Like I said, the timing is there. The Filipino people, the leftists claim, is now being punished or enslaved by corporate greed. They then point to oil price hikes that severely affect the country’s economy.

Take for example this propagandist charge by militant organizations and transport groups that oil companies imposed a P9.00 per liter overpricing last year. The Department of Energy last year requested Piston Secretary General George San Mateo “for the basis of the P9.00 calculation.” The energy department has not yet received any response so far.  Instead the transport group, along with other leftist/militant groups continued to spread this lie or propaganda to fool the masses.

“It appears that [the transport group’s] claim is undue profit margin of oil companies,” said Energy Undersecretary Jay Layug, qualifying though that Republic Act 8479 or the Downstream Oil Industry Deregulation Act “does not prescribe limits for margin of oil companies.”

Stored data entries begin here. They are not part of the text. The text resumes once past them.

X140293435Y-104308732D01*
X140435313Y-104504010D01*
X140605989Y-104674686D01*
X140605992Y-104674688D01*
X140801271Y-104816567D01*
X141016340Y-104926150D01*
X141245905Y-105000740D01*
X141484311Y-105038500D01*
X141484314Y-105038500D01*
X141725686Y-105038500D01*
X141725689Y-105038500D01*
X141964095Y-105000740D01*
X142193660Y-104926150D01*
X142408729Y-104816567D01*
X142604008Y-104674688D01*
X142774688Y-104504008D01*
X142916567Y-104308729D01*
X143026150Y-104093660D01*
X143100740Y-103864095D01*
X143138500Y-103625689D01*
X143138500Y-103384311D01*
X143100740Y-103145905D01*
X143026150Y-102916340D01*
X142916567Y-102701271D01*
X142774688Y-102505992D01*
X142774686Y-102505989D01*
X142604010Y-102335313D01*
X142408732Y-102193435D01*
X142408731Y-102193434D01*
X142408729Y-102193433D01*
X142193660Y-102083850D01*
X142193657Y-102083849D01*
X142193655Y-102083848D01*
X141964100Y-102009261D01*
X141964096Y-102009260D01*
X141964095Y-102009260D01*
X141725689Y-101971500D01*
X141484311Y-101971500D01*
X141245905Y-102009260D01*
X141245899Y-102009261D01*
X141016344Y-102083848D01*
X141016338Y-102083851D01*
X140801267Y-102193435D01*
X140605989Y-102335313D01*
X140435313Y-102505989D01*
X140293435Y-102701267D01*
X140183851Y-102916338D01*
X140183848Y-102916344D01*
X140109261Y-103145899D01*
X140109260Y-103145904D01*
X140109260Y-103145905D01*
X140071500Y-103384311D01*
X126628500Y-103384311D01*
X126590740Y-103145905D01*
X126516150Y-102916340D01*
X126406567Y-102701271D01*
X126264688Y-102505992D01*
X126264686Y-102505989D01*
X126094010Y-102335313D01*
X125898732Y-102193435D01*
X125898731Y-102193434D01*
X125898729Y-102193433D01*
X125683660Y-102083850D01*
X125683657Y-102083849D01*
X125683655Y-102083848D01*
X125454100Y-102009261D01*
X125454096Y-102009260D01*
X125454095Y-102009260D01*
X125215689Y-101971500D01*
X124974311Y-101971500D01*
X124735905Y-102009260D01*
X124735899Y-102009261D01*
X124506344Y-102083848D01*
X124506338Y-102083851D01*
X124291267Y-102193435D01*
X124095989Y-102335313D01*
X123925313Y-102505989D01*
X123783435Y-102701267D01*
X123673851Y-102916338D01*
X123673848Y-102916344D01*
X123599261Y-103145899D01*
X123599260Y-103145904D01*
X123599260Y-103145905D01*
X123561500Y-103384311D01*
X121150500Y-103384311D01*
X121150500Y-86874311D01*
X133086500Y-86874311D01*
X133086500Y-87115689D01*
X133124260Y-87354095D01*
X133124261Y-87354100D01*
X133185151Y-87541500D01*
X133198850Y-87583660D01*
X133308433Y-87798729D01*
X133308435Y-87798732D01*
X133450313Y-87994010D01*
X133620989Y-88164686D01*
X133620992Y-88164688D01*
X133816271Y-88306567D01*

“In 2011, the oil companies have raised their prices consistent with the ERB formula except for instances when they added cost of biofuels,” Layug said.

It appears that the culmination of this sustained, highly exaggerated Marxist propaganda was the March 15 protest wherein the leftists’ young counterparts shamelessly demonstrated their ‘Noynoying’ pose at the University of the Philippines and other protest venues.

Now if the leftists want lower oil prices, they should call for the repeal of the 2006 Biofuels Act that helps increase the price of oil products in the country.

Yet one of the major demands of the leftists is the repeal or abolition of the Oil Deregulation Law, which allows oil companies to increase the prices of their petroleum products.

I say, the country’s Marxists missed the point. Massive regulation of the oil industry is not the answer to oil price hikes. Many countries today, including the United States, confront the same ‘oil’ problem. The government cannot order or compel oil companies to sell at a loss when domestic oil prices are being dictated by external factors.

Like I said in a previous post:

“If you want lower oil prices, then the solution is very simple: support economic freedom in the Philippines, not the legalized strangulation of business. Yes, you should advocate for the opening up of our protectionist, highly regulated economy to foreign investors to allow and attract more investors through constitutional reform. The so-called oil cartels and other cartels you all seek to abolish were all established and supported by the current political system- by the government – and by the Constitution. Thus, if you want a progressive, economically stable Philippines, you should support economic freedom, deregulation, removal of protectionism, lower taxes, and objective rule of law. Why not check your flawed premises? Try to look at it this way: it’s the government that must be- and ought to be- regulated and controlled, not industries or the private sector. Freedom from government intervention is what this country badly needs!”

By carefully connecting the dots, one can objectively understand the real story and ideological motivation behind this ‘Noynoying’ propaganda. Any rational, pro-reason, pro-capitalist individual must not join— but instead expose the ideology behind— the anti-Noynoying mob. Not all anti-government propaganda is pro-freedom. In this country, most anti-government movements are motivated by Leftism or Marxism. The clueless people behind these leftist movements simply want to replace our mixed economy bordering on socialism with an absolute socialist, welfare state.

In regard to certain economic problems like oil price hikes and education subsidies, yes, the President should do nothing. Instead, he should support the abolition of the 1987 Constitution and call for a national transition toward a free market economy by opening our country to foreign investors, downsizing the government, guaranteeing economic freedom, abolishing welfare programs and government-owned and controlled entities, cutting taxes, and focusing on the real concept of individual rights.